We can take a brief look at the loss to check whether the model has been trained to reasonable convergence.

In [None]:
fig = plot_training_metrics(
    os.path.join(mdn_temp_dir, "lightning_logs"), ["train_loss", "val_loss"]
)

## Plot Predictions

Now we are ready for the "big reveal", namely whether we can fit the data more accurately with the Mixture Density approach.

In [None]:
mixture_density_pred = mdn_model.predict_step(X_gtext_inv)

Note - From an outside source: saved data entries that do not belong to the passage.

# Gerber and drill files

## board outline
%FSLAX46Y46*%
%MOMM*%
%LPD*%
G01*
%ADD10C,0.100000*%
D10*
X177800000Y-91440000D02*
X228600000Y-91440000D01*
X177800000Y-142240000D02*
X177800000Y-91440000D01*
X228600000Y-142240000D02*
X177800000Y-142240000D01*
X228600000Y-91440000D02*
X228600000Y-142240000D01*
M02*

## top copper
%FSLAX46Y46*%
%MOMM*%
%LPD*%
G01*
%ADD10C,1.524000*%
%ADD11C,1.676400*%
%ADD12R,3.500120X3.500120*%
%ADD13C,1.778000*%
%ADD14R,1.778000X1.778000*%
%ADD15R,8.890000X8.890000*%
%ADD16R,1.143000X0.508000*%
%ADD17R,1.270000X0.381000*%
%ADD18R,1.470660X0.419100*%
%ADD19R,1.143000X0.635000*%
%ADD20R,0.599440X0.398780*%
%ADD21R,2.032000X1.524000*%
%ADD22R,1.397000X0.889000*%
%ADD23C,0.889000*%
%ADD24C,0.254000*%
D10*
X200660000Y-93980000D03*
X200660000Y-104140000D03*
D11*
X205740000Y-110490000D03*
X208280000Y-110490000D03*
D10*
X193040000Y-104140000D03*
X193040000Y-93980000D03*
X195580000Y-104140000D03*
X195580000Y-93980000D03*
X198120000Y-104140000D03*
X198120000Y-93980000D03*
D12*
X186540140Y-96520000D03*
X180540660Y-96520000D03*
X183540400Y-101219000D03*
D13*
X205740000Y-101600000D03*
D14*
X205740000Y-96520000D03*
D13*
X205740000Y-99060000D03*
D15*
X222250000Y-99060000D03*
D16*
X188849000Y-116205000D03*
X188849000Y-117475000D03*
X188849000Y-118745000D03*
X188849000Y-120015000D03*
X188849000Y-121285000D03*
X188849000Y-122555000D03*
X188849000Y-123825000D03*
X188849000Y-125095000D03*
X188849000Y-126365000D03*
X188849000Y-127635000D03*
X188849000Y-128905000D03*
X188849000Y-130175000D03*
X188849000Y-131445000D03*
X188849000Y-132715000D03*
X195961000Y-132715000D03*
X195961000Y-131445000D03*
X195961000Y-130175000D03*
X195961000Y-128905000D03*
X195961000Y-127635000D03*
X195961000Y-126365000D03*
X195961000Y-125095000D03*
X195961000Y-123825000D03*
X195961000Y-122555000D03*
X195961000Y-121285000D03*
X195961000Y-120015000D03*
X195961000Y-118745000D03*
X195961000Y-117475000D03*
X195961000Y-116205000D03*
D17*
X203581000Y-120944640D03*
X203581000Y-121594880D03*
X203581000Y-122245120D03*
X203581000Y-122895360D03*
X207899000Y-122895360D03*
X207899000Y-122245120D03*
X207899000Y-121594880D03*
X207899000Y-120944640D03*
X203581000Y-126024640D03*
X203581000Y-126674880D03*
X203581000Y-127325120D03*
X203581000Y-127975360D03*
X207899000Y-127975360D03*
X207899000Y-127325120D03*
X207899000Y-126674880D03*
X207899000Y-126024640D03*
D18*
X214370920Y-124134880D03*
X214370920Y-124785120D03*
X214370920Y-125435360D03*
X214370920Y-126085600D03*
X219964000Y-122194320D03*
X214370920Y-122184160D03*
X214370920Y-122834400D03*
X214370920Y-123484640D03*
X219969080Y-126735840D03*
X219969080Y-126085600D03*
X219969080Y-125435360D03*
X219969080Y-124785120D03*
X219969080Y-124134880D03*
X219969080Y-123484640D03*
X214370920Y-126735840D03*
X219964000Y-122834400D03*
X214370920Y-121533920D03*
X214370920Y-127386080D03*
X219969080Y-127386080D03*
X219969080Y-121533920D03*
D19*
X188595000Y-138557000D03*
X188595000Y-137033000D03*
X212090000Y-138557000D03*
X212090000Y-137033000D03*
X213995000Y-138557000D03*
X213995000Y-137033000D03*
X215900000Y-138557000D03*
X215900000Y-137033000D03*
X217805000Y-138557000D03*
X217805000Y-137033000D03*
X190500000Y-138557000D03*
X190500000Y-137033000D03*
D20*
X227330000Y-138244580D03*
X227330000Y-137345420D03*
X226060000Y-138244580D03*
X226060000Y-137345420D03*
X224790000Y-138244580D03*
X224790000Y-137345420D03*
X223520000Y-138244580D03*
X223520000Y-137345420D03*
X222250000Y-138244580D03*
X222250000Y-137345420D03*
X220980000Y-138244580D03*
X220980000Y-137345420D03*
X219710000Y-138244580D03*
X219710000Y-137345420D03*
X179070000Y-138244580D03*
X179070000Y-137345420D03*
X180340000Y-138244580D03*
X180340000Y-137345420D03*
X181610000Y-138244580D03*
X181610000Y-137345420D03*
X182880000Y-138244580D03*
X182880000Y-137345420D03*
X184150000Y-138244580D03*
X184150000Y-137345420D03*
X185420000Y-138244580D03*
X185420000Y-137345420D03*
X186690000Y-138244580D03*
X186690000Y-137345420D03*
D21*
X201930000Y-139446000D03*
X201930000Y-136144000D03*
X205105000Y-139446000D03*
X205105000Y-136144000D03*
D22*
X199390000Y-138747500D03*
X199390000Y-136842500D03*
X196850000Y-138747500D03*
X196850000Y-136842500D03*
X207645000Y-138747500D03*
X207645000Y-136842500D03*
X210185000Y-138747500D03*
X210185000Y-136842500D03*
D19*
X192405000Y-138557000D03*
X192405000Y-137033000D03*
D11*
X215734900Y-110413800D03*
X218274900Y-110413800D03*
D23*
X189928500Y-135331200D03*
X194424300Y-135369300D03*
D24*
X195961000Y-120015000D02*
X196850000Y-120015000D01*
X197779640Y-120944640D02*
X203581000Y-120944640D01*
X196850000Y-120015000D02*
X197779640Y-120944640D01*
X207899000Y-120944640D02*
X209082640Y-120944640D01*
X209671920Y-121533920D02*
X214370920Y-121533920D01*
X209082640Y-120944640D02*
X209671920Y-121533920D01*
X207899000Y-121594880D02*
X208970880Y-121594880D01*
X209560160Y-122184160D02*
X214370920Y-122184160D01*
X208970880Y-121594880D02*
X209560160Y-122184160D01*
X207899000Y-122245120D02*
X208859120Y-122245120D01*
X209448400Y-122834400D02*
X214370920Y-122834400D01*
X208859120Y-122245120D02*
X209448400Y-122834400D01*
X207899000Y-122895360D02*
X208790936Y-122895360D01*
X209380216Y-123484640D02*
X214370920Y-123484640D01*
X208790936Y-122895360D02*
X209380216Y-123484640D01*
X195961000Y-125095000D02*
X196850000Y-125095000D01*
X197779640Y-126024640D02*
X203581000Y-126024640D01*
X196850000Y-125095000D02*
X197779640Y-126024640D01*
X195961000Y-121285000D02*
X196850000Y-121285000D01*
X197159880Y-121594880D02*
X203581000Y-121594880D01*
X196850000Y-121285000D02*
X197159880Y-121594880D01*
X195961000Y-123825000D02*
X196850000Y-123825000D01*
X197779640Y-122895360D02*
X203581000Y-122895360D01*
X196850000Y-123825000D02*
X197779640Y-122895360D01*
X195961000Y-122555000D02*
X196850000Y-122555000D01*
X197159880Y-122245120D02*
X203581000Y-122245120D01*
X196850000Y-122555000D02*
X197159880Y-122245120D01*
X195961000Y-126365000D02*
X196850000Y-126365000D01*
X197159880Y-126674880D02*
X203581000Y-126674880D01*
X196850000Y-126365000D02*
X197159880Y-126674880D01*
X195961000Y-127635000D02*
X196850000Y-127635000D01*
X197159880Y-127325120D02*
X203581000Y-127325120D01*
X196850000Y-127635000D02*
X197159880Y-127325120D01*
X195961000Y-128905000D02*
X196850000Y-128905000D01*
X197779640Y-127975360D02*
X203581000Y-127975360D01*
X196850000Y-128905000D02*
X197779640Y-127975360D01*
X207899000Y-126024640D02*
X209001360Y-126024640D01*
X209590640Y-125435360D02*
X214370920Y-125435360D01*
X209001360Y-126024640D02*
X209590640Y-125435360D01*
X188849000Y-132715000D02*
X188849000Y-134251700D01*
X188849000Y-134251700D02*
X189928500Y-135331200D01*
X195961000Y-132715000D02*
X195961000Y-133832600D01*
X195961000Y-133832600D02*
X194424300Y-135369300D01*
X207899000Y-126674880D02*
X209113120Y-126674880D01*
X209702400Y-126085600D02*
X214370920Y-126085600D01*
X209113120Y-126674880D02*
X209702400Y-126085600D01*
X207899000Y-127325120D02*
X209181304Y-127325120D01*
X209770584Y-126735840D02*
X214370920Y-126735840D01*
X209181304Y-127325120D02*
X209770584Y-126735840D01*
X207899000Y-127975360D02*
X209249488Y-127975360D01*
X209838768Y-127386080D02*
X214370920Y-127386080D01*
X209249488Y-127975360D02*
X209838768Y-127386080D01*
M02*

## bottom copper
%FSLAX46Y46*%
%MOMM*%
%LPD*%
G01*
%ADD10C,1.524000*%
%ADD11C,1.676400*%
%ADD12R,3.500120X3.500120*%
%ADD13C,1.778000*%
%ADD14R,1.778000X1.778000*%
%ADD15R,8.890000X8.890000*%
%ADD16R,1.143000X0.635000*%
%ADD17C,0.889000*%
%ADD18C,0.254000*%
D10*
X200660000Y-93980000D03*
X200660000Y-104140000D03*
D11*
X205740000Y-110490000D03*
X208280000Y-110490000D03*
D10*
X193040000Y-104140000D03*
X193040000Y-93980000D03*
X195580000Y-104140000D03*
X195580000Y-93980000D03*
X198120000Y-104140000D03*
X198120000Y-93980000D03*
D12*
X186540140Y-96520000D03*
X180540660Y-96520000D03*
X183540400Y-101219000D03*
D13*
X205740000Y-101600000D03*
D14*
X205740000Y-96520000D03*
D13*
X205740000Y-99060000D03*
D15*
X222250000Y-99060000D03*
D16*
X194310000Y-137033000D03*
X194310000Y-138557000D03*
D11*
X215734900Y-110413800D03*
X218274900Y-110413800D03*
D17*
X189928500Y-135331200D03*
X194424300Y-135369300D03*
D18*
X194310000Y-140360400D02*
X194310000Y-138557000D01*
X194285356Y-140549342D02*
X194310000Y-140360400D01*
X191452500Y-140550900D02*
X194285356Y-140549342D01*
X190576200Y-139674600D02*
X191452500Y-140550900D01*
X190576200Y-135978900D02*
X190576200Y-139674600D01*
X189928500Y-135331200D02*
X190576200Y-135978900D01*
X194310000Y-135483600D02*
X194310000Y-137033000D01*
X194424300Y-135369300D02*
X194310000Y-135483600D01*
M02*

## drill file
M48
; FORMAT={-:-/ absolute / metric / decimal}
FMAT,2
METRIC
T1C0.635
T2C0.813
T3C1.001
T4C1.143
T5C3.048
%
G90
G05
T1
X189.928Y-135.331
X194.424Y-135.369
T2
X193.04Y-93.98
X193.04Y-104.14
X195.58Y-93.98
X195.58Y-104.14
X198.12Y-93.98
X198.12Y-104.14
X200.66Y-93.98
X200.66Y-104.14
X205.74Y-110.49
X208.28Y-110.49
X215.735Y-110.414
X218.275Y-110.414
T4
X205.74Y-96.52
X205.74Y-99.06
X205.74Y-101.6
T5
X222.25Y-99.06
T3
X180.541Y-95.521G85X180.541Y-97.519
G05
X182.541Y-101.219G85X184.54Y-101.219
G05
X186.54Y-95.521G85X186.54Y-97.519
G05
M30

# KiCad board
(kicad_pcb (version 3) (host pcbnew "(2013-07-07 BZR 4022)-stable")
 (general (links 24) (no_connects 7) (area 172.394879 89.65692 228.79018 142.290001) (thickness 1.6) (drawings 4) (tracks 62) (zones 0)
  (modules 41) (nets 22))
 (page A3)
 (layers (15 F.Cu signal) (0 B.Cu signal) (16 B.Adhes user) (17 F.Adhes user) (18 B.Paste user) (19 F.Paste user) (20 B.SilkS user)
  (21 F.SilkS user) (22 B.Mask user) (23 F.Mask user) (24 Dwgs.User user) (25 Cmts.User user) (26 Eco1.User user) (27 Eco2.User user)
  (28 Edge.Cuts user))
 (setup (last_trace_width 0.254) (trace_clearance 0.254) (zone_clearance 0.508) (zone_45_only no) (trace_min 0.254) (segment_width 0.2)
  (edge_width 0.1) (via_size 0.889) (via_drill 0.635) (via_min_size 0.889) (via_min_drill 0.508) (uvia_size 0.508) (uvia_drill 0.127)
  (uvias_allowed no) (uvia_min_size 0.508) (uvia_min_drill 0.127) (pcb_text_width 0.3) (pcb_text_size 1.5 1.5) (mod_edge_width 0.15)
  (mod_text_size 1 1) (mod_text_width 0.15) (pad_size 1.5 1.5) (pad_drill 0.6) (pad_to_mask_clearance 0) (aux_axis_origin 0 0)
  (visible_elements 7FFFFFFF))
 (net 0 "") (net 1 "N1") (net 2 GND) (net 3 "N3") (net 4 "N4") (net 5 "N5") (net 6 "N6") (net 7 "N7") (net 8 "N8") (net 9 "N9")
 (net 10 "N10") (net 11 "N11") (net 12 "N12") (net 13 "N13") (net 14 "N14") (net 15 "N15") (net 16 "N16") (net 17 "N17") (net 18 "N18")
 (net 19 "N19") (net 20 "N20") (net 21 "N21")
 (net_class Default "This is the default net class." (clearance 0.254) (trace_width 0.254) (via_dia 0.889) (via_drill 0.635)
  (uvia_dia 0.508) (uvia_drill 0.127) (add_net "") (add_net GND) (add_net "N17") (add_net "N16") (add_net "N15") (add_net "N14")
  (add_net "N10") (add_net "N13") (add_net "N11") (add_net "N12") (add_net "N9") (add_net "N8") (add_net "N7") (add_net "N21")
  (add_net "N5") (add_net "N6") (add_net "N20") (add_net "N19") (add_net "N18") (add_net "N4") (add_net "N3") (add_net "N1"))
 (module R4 (layer F.Cu) (at 200.66 99.06 270) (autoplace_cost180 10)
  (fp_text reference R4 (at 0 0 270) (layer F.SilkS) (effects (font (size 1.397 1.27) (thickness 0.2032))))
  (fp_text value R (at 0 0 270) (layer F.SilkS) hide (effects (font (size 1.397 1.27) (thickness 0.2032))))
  (pad 1 thru_hole circle (at -5.08 0 270) (size 1.524 1.524) (drill 0.8128) (layers *.Cu *.Mask F.SilkS) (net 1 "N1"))
  (pad 2 thru_hole circle (at 5.08 0 270) (size 1.524 1.524) (drill 0.8128) (layers *.Cu *.Mask F.SilkS) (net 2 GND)))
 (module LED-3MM (layer F.Cu) (at 207.01 110.49)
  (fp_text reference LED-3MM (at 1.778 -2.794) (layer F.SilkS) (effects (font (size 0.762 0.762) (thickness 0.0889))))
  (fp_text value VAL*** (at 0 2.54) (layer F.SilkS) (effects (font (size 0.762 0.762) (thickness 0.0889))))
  (pad 1 thru_hole circle (at -1.27 0) (size 1.6764 1.6764) (drill 0.8128) (layers *.Cu *.Mask F.SilkS))
  (pad 2 thru_hole circle (at 1.27 0) (size 1.6764 1.6764) (drill 0.8128) (layers *.Cu *.Mask F.SilkS)))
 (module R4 (layer F.Cu) (at 193.04 99.06 90) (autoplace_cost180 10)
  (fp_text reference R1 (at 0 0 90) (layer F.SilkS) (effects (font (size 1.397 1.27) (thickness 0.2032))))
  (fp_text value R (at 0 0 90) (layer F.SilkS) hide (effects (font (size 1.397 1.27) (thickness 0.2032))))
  (pad 1 thru_hole circle (at -5.08 0 90) (size 1.524 1.524) (drill 0.8128) (layers *.Cu *.Mask F.SilkS) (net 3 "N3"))
  (pad 2 thru_hole circle (at 5.08 0 90) (size 1.524 1.524) (drill 0.8128) (layers *.Cu *.Mask F.SilkS) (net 2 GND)))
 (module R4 (layer F.Cu) (at 195.58 99.06 90) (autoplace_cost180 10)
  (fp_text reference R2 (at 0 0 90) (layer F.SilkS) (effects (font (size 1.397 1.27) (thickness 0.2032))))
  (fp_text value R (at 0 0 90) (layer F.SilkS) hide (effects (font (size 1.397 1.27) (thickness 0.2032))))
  (pad 1 thru_hole circle (at -5.08 0 90) (size 1.524 1.524) (drill 0.8128) (layers *.Cu *.Mask F.SilkS) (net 2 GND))
  (pad 2 thru_hole circle (at 5.08 0 90) (size 1.524 1.524) (drill 0.8128) (layers *.Cu *.Mask F.SilkS) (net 2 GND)))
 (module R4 (layer F.Cu) (at 198.12 99.06 90) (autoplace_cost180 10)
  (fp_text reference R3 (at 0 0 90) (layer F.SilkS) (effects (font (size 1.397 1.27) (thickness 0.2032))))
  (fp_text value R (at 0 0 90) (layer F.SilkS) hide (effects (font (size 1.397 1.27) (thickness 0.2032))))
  (pad 1 thru_hole circle (at -5.08 0 90) (size 1.524 1.524) (drill 0.8128) (layers *.Cu *.Mask F.SilkS) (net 2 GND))
  (pad 2 thru_hole circle (at 5.08 0 90) (size 1.524 1.524) (drill 0.8128) (layers *.Cu *.Mask F.SilkS) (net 2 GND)))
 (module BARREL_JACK (layer F.Cu) (at 180.34 96.52)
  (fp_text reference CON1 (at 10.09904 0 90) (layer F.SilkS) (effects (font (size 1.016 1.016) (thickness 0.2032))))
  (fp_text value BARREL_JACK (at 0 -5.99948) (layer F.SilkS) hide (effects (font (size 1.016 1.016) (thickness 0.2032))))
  (pad 1 thru_hole rect (at 6.20014 0) (size 3.50012 3.50012) (drill oval 1.00076 2.99974) (layers *.Cu *.Mask F.SilkS) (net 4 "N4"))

fig = plot_predictions_regression(
    X_train_inv,
    Y_train_inv,
    X_gtext_inv,
    Y_gtext_inv,
    mixture_density_pred["pred"],
    aleatoric=mixture_density_pred["pred_uct"],
    title="Mixture Density Mean Predictions",
    show_bands=False,
)

## Sampling

We can also draw conditional samples from the mixture distributions.

In [None]:
mixture_density_samples = mdn_model.sample(X_gtext_inv)


fig = plot_predictions_regression(
    X_train_inv,
    Y_train_inv,
    X_gtext_inv,
    Y_gtext_inv,
    mixture_density_samples,
    title="Mixture Density Samples",
)

It looks like the Mixture Density Model was able to approximate $p(y|x)$ of the inverse problem reasonably well, much better than a default deterministic network.